E-Bay! http://search.ebay.com/illuminated-keyboard_W0QQsojsZ1QQfromZR40


----------



## Lydokane (May 24, 2005)

One of the ONLY full size illuminated keyboards that I have found can be viewed here: http://www.extrememhz.com/streamline-p1.shtml. Most (all) of the keyboards I have found on ebay are NOT full size. The Insert, Home, Pg UP, Pg Down, Delete, End, and "gray arrow" keys are not present.

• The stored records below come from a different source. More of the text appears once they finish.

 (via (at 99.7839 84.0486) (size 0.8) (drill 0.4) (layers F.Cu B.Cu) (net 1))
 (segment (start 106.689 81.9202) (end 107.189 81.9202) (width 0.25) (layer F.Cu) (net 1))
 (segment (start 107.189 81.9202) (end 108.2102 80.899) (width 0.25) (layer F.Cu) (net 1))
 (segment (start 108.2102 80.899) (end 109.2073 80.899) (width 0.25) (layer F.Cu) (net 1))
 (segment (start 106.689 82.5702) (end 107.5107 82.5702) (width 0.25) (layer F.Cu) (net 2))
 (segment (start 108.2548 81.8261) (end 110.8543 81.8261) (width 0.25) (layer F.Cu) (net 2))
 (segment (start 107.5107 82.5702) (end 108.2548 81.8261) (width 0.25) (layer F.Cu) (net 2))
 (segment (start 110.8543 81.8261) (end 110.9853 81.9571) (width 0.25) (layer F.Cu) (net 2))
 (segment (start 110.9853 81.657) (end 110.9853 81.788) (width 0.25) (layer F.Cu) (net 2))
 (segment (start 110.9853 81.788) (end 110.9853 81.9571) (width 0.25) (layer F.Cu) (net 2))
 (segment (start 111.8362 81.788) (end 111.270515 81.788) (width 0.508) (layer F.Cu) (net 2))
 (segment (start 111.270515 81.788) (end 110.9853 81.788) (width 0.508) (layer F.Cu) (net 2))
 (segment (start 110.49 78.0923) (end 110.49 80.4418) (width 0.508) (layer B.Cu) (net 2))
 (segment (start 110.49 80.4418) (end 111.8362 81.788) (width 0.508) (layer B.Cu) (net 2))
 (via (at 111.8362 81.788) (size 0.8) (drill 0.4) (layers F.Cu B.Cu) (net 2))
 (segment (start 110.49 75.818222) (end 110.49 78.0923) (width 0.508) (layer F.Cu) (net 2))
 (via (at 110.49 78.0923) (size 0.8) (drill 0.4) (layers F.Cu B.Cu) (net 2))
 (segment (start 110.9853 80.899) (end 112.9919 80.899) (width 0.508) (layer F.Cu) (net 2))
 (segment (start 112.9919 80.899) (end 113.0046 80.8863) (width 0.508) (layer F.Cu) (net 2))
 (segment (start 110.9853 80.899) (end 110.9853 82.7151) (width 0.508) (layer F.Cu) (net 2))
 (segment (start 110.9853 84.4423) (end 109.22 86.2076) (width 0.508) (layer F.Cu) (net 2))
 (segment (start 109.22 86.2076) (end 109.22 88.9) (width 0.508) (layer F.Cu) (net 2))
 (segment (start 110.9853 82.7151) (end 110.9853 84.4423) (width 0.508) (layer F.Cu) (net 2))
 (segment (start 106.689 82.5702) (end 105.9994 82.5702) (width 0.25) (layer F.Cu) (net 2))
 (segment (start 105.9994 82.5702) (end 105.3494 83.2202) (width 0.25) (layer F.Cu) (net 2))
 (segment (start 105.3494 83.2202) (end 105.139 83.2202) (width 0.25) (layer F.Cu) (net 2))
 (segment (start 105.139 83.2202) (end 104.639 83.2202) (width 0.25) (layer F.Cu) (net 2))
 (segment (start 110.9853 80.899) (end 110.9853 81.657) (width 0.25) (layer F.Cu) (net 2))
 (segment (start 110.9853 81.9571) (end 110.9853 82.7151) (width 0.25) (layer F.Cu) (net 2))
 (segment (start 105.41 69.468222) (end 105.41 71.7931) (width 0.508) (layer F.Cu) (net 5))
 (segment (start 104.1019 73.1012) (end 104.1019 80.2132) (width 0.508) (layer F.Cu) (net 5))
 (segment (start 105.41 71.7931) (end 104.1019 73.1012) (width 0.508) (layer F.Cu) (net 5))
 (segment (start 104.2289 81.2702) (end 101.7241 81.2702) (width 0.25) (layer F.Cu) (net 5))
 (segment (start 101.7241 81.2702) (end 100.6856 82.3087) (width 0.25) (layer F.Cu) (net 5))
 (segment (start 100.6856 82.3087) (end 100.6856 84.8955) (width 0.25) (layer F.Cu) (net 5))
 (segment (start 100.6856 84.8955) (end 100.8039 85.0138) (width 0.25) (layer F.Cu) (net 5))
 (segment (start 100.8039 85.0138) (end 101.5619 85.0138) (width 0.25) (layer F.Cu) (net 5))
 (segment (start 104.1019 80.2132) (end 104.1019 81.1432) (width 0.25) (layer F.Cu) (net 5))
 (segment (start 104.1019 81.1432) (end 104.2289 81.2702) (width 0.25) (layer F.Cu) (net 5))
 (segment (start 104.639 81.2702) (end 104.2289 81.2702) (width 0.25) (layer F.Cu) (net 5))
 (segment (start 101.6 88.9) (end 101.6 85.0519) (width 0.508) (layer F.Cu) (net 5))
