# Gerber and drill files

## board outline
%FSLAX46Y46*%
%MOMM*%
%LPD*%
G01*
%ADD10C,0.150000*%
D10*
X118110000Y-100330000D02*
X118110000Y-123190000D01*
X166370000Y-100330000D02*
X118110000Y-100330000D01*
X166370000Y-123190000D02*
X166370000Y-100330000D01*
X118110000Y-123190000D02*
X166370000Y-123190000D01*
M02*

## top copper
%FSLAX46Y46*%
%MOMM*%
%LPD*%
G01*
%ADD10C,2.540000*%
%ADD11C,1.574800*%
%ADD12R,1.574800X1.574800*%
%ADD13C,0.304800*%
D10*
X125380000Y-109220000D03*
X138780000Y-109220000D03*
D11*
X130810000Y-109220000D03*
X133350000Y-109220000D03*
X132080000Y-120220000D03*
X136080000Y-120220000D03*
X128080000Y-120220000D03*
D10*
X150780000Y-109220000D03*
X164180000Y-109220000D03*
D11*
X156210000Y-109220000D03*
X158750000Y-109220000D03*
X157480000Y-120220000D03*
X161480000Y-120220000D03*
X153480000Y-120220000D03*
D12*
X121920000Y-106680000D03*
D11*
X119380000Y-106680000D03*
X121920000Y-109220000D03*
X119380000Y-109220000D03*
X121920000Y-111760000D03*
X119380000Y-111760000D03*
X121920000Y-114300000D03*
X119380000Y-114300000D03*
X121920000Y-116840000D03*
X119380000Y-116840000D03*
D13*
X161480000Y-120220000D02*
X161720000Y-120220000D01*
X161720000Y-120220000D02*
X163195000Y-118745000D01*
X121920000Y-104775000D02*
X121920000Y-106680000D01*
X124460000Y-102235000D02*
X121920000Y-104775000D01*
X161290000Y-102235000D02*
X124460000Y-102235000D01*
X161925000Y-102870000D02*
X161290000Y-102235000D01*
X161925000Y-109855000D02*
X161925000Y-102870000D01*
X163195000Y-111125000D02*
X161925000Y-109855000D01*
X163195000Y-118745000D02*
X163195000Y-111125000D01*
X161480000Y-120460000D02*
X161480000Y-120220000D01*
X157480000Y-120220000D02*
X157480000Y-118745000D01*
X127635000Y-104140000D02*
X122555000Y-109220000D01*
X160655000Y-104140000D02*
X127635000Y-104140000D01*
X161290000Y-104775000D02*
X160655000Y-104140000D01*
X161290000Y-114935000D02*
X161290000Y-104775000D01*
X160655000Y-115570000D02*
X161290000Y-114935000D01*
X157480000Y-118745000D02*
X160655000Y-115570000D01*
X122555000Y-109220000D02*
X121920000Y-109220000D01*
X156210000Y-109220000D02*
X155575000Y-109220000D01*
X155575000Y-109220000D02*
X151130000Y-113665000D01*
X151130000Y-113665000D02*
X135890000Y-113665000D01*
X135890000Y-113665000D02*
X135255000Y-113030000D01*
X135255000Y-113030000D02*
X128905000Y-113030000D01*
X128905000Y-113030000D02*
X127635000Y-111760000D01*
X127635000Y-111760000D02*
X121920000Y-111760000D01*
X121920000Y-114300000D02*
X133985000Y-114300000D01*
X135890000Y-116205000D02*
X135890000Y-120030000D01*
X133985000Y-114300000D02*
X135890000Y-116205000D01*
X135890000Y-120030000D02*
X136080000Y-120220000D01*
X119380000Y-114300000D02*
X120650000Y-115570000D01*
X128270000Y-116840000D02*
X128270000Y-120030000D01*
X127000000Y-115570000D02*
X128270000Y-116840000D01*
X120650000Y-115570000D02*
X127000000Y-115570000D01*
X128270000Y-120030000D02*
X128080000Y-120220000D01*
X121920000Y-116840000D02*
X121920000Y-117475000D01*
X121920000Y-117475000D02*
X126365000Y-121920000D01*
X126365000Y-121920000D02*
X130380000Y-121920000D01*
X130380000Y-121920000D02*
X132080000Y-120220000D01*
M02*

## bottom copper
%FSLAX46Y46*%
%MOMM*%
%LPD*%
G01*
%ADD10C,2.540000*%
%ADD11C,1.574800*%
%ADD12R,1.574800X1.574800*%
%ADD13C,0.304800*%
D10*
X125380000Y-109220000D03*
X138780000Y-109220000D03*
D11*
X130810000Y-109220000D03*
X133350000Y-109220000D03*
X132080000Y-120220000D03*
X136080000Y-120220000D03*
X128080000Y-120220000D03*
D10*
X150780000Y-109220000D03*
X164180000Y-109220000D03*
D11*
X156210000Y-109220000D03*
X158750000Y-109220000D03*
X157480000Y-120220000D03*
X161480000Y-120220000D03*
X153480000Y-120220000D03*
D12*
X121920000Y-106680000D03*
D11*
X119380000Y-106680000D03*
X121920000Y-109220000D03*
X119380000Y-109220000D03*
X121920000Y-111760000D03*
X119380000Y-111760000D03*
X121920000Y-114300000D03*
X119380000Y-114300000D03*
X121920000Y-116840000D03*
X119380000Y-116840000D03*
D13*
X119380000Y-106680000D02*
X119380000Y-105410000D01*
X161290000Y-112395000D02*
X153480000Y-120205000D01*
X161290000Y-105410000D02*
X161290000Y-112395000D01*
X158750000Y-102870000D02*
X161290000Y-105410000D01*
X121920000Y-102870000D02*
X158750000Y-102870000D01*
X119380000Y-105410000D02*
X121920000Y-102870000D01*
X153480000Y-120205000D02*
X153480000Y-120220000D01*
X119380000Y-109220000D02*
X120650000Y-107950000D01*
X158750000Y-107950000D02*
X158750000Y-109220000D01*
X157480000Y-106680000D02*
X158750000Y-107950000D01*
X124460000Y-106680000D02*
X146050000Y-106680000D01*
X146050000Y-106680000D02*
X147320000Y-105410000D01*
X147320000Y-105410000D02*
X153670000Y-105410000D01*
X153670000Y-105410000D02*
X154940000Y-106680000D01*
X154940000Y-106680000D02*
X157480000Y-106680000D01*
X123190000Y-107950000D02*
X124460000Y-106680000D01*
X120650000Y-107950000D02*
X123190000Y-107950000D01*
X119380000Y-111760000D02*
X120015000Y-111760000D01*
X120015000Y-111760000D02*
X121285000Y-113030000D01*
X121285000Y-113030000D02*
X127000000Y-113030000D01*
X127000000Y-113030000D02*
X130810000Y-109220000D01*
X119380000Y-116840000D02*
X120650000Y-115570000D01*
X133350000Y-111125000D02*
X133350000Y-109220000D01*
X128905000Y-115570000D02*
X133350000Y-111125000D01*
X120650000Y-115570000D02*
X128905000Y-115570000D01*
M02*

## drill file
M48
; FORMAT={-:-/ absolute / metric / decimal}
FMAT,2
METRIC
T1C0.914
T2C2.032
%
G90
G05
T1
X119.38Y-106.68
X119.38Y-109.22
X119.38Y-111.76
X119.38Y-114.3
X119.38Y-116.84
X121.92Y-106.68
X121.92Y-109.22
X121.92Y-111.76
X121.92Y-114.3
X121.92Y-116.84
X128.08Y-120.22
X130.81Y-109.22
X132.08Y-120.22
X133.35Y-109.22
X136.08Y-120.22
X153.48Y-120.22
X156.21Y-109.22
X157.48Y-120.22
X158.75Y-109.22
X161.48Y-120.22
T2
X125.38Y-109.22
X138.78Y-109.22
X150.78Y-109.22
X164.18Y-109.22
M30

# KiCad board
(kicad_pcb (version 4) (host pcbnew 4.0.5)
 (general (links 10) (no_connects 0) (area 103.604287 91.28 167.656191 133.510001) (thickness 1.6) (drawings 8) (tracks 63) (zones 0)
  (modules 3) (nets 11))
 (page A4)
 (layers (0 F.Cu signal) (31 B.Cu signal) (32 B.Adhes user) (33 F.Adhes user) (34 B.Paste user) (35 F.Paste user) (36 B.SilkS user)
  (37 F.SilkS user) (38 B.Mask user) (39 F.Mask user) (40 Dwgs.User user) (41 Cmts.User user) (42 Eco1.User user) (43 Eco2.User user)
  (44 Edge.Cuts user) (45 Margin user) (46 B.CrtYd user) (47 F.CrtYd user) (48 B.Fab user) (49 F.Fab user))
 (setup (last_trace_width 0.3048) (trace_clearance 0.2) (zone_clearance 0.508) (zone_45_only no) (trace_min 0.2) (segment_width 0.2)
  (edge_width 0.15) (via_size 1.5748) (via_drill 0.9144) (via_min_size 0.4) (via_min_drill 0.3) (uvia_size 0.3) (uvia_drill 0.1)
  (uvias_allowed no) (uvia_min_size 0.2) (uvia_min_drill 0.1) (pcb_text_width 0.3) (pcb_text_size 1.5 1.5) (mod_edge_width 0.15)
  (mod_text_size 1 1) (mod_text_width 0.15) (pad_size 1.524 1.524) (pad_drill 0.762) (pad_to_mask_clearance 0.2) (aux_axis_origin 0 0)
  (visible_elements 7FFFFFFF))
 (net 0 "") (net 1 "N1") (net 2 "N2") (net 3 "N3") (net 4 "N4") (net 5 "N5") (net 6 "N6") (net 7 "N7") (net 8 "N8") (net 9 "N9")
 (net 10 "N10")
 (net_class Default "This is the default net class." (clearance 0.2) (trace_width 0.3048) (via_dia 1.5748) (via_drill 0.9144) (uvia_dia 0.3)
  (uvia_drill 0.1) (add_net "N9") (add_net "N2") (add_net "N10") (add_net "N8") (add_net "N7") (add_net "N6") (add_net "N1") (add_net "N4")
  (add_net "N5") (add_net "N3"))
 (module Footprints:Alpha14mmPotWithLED (layer F.Cu) (at 132.08 109.22)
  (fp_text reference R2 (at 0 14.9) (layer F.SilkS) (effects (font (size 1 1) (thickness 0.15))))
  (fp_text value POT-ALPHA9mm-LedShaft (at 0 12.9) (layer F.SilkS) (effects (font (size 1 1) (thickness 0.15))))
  (pad "" thru_hole circle (at -6.7 0) (size 2.54 2.54) (drill 2.032) (layers *.Cu *.Mask F.SilkS))
  (pad "" thru_hole circle (at 6.7 0) (size 2.54 2.54) (drill 2.032) (layers *.Cu *.Mask F.SilkS))
  (pad 4 thru_hole circle (at -1.27 0) (size 1.5748 1.5748) (drill 0.9144) (layers *.Cu *.Mask F.SilkS) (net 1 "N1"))
  (pad 5 thru_hole circle (at 1.27 0) (size 1.5748 1.5748) (drill 0.9144) (layers *.Cu *.Mask F.SilkS) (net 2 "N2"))
  (pad 2 thru_hole circle (at 0 11) (size 1.5748 1.5748) (drill 0.9144) (layers *.Cu *.Mask F.SilkS) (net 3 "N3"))
  (pad 3 thru_hole circle (at 4 11) (size 1.5748 1.5748) (drill 0.9144) (layers *.Cu *.Mask F.SilkS) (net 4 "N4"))
  (pad 1 thru_hole circle (at -4 11) (size 1.5748 1.5748) (drill 0.9144) (layers *.Cu *.Mask F.SilkS) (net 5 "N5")))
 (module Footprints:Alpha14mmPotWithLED (layer F.Cu) (at 157.48 109.22)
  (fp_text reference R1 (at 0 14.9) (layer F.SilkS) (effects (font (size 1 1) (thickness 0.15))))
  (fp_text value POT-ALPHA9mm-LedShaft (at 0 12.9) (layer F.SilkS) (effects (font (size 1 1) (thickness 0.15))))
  (pad "" thru_hole circle (at -6.7 0) (size 2.54 2.54) (drill 2.032) (layers *.Cu *.Mask F.SilkS))
  (pad "" thru_hole circle (at 6.7 0) (size 2.54 2.54) (drill 2.032) (layers *.Cu *.Mask F.SilkS))
  (pad 4 thru_hole circle (at -1.27 0) (size 1.5748 1.5748) (drill 0.9144) (layers *.Cu *.Mask F.SilkS) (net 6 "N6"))
  (pad 5 thru_hole circle (at 1.27 0) (size 1.5748 1.5748) (drill 0.9144) (layers *.Cu *.Mask F.SilkS) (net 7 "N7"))
  (pad 2 thru_hole circle (at 0 11) (size 1.5748 1.5748) (drill 0.9144) (layers *.Cu *.Mask F.SilkS) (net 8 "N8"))
  (pad 3 thru_hole circle (at 4 11) (size 1.5748 1.5748) (drill 0.9144) (layers *.Cu *.Mask F.SilkS) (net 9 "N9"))
  (pad 1 thru_hole circle (at -4 11) (size 1.5748 1.5748) (drill 0.9144) (layers *.Cu *.Mask F.SilkS) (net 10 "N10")))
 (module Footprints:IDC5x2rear (layer F.Cu) (at 121.92 111.76 90)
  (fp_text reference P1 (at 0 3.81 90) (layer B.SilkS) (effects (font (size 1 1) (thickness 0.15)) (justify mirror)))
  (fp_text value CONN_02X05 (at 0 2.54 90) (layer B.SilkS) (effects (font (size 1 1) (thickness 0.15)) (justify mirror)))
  (pad 1 thru_hole rect (at 5.08 0 90) (size 1.5748 1.5748) (drill 0.9144) (layers *.Cu *.Mask B.SilkS) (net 9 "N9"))
  (pad 2 thru_hole circle (at 5.08 -2.54 90) (size 1.5748 1.5748) (drill 0.9144) (layers *.Cu *.Mask B.SilkS) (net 10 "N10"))
  (pad 3 thru_hole circle (at 2.54 0 90) (size 1.5748 1.5748) (drill 0.9144) (layers *.Cu *.Mask B.SilkS) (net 8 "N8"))
  (pad 4 thru_hole circle (at 2.54 -2.54 90) (size 1.5748 1.5748) (drill 0.9144) (layers *.Cu *.Mask B.SilkS) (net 7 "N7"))
  (pad 5 thru_hole circle (at 0 0 90) (size 1.5748 1.5748) (drill 0.9144) (layers *.Cu *.Mask B.SilkS) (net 6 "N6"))
  (pad 6 thru_hole circle (at 0 -2.54 90) (size 1.5748 1.5748) (drill 0.9144) (layers *.Cu *.Mask B.SilkS) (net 1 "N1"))
  (pad 7 thru_hole circle (at -2.54 0 90) (size 1.5748 1.5748) (drill 0.9144) (layers *.Cu *.Mask B.SilkS) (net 4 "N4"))
  (pad 8 thru_hole circle (at -2.54 -2.54 90) (size 1.5748 1.5748) (drill 0.9144) (layers *.Cu *.Mask B.SilkS) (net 5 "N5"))
  (pad 9 thru_hole circle (at -5.08 0 90) (size 1.5748 1.5748) (drill 0.9144) (layers *.Cu *.Mask B.SilkS) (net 3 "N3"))
  (pad 10 thru_hole circle (at -5.08 -2.54 90) (size 1.5748 1.5748) (drill 0.9144) (layers *.Cu *.Mask B.SilkS) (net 2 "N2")))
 (gr_line (start 118.11 100.33) (end 118.11 123.19) (angle 90) (layer Edge.Cuts) (width 0.15))
 (gr_line (start 166.37 100.33) (end 118.11 100.33) (angle 90) (layer Edge.Cuts) (width 0.15))
 (gr_line (start 166.37 123.19) (end 166.37 100.33) (angle 90) (layer Edge.Cuts) (width 0.15))
 (gr_line (start 118.11 123.19) (end 166.37 123.19) (angle 90) (layer Edge.Cuts) (width 0.15))
 (segment (start 161.48 120.22) (end 161.72 120.22) (width 0.3048) (layer F.Cu) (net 9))
 (segment (start 161.72 120.22) (end 163.195 118.745) (width 0.3048) (layer F.Cu) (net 9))
 (segment (start 121.92 104.775) (end 121.92 106.68) (width 0.3048) (layer F.Cu) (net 9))
 (segment (start 124.46 102.235) (end 121.92 104.775) (width 0.3048) (layer F.Cu) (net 9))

I have one of the logisys illuminated keyboards and they seem somewhat cheaply built. The keyboard is thinner and the key tops are flat where as on many keyboards the keys are slightly concave. My logisys took a little while to get used to because my old keyboard had the large backspace/small enter button where as the illuminated keyboard has the small backspace/large enter button (I use backspace a LOT). The action on the keyboard is pretty nice and the keys never stick. The only problem I have had is the backlight went out. I purchased it from a local PC shop and was able to take it back. The replacement has been working fine.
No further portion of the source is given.